##### THE DATA
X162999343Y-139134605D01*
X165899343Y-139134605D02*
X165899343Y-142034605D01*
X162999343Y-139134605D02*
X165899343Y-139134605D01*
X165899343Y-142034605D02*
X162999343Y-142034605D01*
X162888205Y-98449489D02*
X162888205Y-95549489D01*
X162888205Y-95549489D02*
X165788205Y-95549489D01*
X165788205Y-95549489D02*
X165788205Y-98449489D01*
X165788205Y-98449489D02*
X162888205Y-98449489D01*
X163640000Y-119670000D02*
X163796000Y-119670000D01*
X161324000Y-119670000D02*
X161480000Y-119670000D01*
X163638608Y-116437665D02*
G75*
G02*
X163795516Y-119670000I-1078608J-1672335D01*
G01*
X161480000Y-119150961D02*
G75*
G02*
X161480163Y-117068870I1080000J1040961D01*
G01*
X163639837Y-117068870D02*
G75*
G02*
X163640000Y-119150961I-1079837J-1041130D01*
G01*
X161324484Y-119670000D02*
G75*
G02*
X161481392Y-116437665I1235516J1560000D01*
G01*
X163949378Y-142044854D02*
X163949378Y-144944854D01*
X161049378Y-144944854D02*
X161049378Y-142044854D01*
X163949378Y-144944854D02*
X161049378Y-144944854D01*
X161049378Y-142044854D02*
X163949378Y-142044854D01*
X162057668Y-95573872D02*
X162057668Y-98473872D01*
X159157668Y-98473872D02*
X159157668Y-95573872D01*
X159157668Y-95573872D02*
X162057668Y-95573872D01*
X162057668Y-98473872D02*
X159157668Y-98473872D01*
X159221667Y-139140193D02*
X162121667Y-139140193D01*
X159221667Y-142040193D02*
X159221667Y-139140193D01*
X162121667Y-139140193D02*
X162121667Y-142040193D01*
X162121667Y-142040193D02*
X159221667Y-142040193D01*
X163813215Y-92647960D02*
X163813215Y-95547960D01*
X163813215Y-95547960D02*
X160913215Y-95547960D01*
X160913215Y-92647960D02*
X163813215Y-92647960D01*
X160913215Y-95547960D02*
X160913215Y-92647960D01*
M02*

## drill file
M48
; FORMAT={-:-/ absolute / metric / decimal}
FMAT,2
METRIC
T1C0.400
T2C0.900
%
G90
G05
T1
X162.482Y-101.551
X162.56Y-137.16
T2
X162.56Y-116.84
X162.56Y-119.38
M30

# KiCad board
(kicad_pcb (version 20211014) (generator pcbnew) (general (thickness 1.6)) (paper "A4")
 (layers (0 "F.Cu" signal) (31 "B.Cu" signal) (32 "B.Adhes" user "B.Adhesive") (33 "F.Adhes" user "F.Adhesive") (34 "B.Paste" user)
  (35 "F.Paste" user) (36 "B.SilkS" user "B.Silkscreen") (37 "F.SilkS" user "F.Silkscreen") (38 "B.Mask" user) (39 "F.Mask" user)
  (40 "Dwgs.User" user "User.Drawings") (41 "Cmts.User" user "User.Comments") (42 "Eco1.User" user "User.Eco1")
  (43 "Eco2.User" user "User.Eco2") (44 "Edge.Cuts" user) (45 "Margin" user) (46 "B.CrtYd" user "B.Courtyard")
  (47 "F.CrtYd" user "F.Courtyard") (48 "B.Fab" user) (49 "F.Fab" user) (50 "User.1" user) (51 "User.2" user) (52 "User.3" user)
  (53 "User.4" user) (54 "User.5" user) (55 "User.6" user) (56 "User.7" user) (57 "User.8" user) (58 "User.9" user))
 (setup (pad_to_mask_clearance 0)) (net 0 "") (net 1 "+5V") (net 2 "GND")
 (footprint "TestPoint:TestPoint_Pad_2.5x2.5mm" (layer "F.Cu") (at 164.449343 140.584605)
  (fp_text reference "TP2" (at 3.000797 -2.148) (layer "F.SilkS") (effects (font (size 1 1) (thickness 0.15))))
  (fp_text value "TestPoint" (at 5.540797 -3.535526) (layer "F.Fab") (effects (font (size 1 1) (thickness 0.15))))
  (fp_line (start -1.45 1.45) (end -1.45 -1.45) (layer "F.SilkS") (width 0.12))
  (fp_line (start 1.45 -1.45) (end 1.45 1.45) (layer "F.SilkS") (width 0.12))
##########
• **EXERCISE OBJECTIVE**
In the entries above, find the line holding "X162888205Y-98449489D01*" and the line holding "X162057668Y-98473872D01*", then retype exactly those two lines and every line between them, and nothing else.

• **WRITTEN RESPONSE**
X162888205Y-98449489D01*
X163640000Y-119670000D02*
X163796000Y-119670000D01*
X161324000Y-119670000D02*
X161480000Y-119670000D01*
X163638608Y-116437665D02*
G75*
G02*
X163795516Y-119670000I-1078608J-1672335D01*
G01*
X161480000Y-119150961D02*
G75*
G02*
X161480163Y-117068870I1080000J1040961D01*
G01*
X163639837Y-117068870D02*
G75*
G02*
X163640000Y-119150961I-1079837J-1041130D01*
G01*
X161324484Y-119670000D02*
G75*
G02*
X161481392Y-116437665I1235516J1560000D01*
G01*
X163949378Y-142044854D02*
X163949378Y-144944854D01*
X161049378Y-144944854D02*
X161049378Y-142044854D01*
X163949378Y-144944854D02*
X161049378Y-144944854D01*
X161049378Y-142044854D02*
X163949378Y-142044854D01*
X162057668Y-95573872D02*
X162057668Y-98473872D01*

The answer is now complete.